Exercise directions »
Once you find the line with "X5000000Y-5000000D01*" in the data that follows, repeat it and every line after it exactly, through the line with "X11188464Y-20575459D01*".

Records excerpted from a collection »
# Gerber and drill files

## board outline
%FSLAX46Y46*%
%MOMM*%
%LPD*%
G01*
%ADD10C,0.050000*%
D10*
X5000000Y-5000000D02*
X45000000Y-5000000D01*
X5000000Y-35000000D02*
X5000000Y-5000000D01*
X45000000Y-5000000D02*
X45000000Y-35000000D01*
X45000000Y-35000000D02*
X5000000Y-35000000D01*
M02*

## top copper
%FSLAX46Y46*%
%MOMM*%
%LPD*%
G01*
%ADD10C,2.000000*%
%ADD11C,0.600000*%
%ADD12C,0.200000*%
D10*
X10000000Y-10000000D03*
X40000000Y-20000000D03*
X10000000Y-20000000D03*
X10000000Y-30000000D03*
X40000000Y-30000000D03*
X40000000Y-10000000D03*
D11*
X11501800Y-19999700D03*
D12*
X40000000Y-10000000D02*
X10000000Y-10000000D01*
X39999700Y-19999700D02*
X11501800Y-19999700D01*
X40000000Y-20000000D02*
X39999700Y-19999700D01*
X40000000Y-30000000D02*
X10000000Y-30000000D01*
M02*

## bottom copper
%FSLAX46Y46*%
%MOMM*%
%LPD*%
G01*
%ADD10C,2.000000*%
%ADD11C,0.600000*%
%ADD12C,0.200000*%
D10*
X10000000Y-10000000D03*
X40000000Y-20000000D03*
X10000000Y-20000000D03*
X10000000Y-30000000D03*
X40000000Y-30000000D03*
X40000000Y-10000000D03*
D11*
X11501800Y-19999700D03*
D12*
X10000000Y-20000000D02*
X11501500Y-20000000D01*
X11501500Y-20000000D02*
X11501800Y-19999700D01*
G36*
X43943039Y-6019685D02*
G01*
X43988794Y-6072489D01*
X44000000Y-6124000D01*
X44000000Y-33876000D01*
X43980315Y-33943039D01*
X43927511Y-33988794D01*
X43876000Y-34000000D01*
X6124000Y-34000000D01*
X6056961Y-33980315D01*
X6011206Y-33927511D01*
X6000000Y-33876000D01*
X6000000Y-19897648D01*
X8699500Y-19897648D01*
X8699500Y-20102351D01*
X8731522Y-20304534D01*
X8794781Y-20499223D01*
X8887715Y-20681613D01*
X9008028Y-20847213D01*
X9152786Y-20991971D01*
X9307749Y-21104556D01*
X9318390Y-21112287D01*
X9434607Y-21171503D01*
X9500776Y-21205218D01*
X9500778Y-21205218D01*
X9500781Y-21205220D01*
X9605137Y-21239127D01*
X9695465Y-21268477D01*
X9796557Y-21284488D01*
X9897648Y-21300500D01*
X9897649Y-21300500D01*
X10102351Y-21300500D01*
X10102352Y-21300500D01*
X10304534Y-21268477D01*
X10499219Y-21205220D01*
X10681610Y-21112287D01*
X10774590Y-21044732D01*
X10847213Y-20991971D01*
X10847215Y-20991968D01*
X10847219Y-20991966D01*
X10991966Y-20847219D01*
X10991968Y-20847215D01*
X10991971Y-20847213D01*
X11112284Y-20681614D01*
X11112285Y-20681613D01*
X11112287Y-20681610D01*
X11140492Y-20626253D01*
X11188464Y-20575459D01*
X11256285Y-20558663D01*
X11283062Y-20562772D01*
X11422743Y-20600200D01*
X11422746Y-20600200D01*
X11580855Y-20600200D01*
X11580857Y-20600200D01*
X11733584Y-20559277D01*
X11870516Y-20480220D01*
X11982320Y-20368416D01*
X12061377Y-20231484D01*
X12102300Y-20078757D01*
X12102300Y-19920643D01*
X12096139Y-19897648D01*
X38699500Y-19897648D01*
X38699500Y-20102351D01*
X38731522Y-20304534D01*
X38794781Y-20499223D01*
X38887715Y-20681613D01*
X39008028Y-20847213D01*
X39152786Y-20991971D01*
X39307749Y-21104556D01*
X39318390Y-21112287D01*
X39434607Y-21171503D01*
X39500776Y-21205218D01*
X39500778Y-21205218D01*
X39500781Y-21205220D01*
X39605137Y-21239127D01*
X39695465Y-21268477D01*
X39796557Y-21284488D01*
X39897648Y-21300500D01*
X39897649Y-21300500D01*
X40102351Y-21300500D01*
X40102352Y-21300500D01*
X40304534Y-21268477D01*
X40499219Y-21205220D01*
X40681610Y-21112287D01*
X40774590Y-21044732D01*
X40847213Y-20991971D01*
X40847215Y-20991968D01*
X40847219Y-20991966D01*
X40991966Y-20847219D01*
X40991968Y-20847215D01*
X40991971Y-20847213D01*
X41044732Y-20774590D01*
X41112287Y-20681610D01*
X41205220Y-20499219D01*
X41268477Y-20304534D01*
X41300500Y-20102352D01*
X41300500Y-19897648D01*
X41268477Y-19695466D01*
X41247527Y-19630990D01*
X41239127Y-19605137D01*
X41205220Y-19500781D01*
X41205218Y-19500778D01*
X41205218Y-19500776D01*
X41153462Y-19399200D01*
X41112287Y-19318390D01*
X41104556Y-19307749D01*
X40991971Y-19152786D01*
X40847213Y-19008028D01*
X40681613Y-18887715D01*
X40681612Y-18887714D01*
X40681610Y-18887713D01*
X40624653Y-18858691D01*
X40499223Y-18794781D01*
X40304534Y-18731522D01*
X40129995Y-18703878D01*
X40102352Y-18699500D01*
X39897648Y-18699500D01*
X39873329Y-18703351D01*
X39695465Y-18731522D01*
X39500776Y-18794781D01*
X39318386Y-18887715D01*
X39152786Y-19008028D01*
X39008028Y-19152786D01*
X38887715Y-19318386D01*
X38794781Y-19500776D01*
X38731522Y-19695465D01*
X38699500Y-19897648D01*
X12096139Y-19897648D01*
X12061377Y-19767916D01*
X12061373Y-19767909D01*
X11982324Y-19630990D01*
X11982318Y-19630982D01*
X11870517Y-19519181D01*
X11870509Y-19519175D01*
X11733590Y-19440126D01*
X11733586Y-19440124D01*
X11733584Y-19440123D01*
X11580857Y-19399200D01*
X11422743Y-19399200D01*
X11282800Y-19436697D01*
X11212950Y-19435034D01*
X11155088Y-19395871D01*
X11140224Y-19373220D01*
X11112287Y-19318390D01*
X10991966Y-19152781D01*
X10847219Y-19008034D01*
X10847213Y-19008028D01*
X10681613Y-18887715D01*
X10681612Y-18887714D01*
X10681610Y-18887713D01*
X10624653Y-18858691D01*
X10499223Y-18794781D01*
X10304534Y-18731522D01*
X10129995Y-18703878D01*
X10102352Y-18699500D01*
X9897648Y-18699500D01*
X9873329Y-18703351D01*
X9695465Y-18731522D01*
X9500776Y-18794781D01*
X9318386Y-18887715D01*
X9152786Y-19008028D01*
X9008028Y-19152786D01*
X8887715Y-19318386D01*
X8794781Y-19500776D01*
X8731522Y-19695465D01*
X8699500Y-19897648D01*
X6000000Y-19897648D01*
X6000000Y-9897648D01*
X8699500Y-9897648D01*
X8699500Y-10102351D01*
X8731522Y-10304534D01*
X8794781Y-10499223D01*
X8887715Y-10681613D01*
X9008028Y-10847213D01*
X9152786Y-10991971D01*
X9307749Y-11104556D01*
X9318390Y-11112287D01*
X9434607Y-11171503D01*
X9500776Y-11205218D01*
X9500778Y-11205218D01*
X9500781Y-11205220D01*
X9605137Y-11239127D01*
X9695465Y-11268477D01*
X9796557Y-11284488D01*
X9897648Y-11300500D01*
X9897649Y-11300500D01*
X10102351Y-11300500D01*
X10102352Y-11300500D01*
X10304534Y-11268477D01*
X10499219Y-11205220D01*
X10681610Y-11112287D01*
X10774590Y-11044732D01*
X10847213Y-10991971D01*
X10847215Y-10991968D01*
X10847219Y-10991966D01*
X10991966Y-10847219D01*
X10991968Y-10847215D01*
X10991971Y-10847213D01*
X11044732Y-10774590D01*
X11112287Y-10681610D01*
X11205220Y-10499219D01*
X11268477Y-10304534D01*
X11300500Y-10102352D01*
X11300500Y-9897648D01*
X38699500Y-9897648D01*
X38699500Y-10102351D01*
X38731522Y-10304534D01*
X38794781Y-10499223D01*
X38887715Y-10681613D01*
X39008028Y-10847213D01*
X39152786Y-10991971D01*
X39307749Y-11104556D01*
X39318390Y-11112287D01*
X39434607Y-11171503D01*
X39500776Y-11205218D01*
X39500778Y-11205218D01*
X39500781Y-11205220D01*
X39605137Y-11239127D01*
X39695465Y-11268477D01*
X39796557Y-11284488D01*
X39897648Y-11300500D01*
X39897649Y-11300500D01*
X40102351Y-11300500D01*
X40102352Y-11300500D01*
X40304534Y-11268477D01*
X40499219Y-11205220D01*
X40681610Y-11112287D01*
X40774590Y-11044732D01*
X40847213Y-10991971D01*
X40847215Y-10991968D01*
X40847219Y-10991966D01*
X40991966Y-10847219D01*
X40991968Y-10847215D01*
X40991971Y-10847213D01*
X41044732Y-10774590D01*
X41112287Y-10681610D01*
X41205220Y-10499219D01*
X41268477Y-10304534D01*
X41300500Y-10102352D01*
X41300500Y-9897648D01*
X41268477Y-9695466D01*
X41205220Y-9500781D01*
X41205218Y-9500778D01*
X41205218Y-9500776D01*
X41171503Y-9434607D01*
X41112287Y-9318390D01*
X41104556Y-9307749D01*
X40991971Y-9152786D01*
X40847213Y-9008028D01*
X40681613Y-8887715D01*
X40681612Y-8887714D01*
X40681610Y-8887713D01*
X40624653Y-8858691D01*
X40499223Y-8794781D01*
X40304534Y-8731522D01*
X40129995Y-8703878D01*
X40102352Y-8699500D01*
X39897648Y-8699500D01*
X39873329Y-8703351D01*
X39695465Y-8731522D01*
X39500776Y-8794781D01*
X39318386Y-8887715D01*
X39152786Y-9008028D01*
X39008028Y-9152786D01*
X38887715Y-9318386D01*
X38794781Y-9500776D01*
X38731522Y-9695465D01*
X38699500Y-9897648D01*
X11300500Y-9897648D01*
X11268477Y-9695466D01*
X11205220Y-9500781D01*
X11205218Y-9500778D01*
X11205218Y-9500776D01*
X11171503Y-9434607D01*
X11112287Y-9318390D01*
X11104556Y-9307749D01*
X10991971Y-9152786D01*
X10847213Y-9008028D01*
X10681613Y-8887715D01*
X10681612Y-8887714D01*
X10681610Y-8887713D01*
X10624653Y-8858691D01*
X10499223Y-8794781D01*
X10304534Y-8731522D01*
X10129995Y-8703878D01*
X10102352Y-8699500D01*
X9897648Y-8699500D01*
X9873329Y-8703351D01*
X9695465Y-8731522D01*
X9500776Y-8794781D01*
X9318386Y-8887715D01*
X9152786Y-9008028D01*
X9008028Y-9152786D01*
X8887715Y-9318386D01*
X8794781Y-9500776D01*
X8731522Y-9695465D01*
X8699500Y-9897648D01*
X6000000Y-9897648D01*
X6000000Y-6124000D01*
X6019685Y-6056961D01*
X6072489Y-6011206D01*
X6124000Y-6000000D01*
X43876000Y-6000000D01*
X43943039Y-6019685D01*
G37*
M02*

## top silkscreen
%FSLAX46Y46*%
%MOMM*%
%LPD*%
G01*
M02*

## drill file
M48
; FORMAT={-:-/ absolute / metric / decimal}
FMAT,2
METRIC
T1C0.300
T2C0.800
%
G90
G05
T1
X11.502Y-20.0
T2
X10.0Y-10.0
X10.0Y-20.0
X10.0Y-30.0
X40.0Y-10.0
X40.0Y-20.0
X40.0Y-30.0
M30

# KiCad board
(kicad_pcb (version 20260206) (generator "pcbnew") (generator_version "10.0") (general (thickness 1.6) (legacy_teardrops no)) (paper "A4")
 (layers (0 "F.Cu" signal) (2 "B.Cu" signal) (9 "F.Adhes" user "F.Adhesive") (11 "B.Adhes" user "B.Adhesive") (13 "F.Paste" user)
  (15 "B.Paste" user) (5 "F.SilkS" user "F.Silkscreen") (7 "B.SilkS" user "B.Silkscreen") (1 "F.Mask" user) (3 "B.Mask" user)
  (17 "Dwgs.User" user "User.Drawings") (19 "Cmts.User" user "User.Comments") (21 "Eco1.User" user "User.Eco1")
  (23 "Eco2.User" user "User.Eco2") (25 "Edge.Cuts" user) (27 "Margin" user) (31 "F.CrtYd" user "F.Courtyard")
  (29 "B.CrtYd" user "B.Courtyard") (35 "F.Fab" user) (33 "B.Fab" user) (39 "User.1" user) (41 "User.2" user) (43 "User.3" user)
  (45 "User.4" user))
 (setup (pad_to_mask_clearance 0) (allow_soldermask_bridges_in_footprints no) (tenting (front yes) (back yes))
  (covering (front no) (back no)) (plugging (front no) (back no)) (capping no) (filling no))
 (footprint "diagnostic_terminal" (layer "F.Cu") (at 10 10)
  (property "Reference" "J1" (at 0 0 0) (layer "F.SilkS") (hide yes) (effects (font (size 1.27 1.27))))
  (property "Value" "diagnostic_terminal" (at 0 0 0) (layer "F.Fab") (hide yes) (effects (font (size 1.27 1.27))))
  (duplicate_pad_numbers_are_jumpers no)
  (pad "1" thru_hole circle (at 0 0) (size 2 2) (drill 0.8) (layers "*.Cu") (remove_unused_layers no) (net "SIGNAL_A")))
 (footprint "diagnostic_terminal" (layer "F.Cu") (at 40 20)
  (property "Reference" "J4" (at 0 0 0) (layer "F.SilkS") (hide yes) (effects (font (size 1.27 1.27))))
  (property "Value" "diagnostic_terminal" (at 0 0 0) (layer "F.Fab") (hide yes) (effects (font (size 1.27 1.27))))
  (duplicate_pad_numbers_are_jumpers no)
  (pad "1" thru_hole circle (at 0 0) (size 2 2) (drill 0.8) (layers "*.Cu") (remove_unused_layers no) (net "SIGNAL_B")))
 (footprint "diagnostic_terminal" (layer "F.Cu") (at 10 20)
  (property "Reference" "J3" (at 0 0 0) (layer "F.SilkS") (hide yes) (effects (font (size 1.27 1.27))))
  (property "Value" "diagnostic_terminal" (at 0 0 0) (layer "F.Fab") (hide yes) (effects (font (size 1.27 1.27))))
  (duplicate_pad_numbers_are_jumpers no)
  (pad "1" thru_hole circle (at 0 0) (size 2 2) (drill 0.8) (layers "*.Cu") (remove_unused_layers no) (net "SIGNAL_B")))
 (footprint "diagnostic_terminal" (layer "F.Cu") (at 10 30)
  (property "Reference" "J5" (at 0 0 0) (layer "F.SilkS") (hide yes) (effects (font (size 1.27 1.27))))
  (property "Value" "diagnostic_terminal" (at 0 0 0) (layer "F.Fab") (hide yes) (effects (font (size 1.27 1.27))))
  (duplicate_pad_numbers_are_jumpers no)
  (pad "1" thru_hole circle (at 0 0) (size 2 2) (drill 0.8) (layers "*.Cu") (remove_unused_layers no) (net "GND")))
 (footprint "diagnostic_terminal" (layer "F.Cu") (at 40 30)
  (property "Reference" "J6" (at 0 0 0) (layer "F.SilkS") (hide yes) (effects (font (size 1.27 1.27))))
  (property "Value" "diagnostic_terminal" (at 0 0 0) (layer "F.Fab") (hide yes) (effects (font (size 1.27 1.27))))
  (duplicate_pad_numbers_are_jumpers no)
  (pad "1" thru_hole circle (at 0 0) (size 2 2) (drill 0.8) (layers "*.Cu") (remove_unused_layers no) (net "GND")))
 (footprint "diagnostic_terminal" (layer "F.Cu") (at 40 10)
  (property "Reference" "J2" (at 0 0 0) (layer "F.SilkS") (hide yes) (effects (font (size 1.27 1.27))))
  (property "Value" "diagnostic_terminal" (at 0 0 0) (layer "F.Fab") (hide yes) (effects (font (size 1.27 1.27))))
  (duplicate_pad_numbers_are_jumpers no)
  (pad "1" thru_hole circle (at 0 0) (size 2 2) (drill 0.8) (layers "*.Cu") (remove_unused_layers no) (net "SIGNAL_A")))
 (gr_line (start 5 5) (end 45 5) (stroke (width 0.05) (type default)) (layer "Edge.Cuts"))
 (gr_line (start 5 35) (end 5 5) (stroke (width 0.05) (type default)) (layer "Edge.Cuts"))
 (gr_line (start 45 5) (end 45 35) (stroke (width 0.05) (type default)) (layer "Edge.Cuts"))
 (gr_line (start 45 35) (end 5 35) (stroke (width 0.05) (type default)) (layer "Edge.Cuts"))
 (segment (start 40 10) (end 10 10) (width 0.2) (layer "F.Cu") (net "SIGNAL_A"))
 (segment (start 39.9997 19.9997) (end 11.5018 19.9997) (width 0.2) (layer "F.Cu") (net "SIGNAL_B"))
 (segment (start 40 20) (end 39.9997 19.9997) (width 0.2) (layer "F.Cu") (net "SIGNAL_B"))
 (via (at 11.5018 19.9997) (size 0.6) (drill 0.3) (layers "F.Cu" "B.Cu") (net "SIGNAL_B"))
 (segment (start 10 20) (end 11.5015 20) (width 0.2) (layer "B.Cu") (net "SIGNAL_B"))
 (segment (start 11.5015 20) (end 11.5018 19.9997) (width 0.2) (layer "B.Cu") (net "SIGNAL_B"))
 (segment (start 40 30) (end 10 30) (width 0.2) (layer "F.Cu") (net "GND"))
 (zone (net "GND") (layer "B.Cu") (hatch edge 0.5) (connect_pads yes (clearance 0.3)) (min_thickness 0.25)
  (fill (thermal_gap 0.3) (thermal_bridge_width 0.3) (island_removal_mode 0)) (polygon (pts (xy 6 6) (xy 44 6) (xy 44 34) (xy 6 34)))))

Solved exercise »
X5000000Y-5000000D01*
X45000000Y-5000000D02*
X45000000Y-35000000D01*
X45000000Y-35000000D02*
X5000000Y-35000000D01*
M02*

## top copper
%FSLAX46Y46*%
%MOMM*%
%LPD*%
G01*
%ADD10C,2.000000*%
%ADD11C,0.600000*%
%ADD12C,0.200000*%
D10*
X10000000Y-10000000D03*
X40000000Y-20000000D03*
X10000000Y-20000000D03*
X10000000Y-30000000D03*
X40000000Y-30000000D03*
X40000000Y-10000000D03*
D11*
X11501800Y-19999700D03*
D12*
X40000000Y-10000000D02*
X10000000Y-10000000D01*
X39999700Y-19999700D02*
X11501800Y-19999700D01*
X40000000Y-20000000D02*
X39999700Y-19999700D01*
X40000000Y-30000000D02*
X10000000Y-30000000D01*
M02*

## bottom copper
%FSLAX46Y46*%
%MOMM*%
%LPD*%
G01*
%ADD10C,2.000000*%
%ADD11C,0.600000*%
%ADD12C,0.200000*%
D10*
X10000000Y-10000000D03*
X40000000Y-20000000D03*
X10000000Y-20000000D03*
X10000000Y-30000000D03*
X40000000Y-30000000D03*
X40000000Y-10000000D03*
D11*
X11501800Y-19999700D03*
D12*
X10000000Y-20000000D02*
X11501500Y-20000000D01*
X11501500Y-20000000D02*
X11501800Y-19999700D01*
G36*
X43943039Y-6019685D02*
G01*
X43988794Y-6072489D01*
X44000000Y-6124000D01*
X44000000Y-33876000D01*
X43980315Y-33943039D01*
X43927511Y-33988794D01*
X43876000Y-34000000D01*
X6124000Y-34000000D01*
X6056961Y-33980315D01*
X6011206Y-33927511D01*
X6000000Y-33876000D01*
X6000000Y-19897648D01*
X8699500Y-19897648D01*
X8699500Y-20102351D01*
X8731522Y-20304534D01*
X8794781Y-20499223D01*
X8887715Y-20681613D01*
X9008028Y-20847213D01*
X9152786Y-20991971D01*
X9307749Y-21104556D01*
X9318390Y-21112287D01*
X9434607Y-21171503D01*
X9500776Y-21205218D01*
X9500778Y-21205218D01*
X9500781Y-21205220D01*
X9605137Y-21239127D01*
X9695465Y-21268477D01*
X9796557Y-21284488D01*
X9897648Y-21300500D01*
X9897649Y-21300500D01*
X10102351Y-21300500D01*
X10102352Y-21300500D01*
X10304534Y-21268477D01*
X10499219Y-21205220D01*
X10681610Y-21112287D01*
X10774590Y-21044732D01*
X10847213Y-20991971D01*
X10847215Y-20991968D01*
X10847219Y-20991966D01*
X10991966Y-20847219D01*
X10991968Y-20847215D01*
X10991971Y-20847213D01*
X11112284Y-20681614D01*
X11112285Y-20681613D01*
X11112287Y-20681610D01*
X11140492Y-20626253D01*
X11188464Y-20575459D01*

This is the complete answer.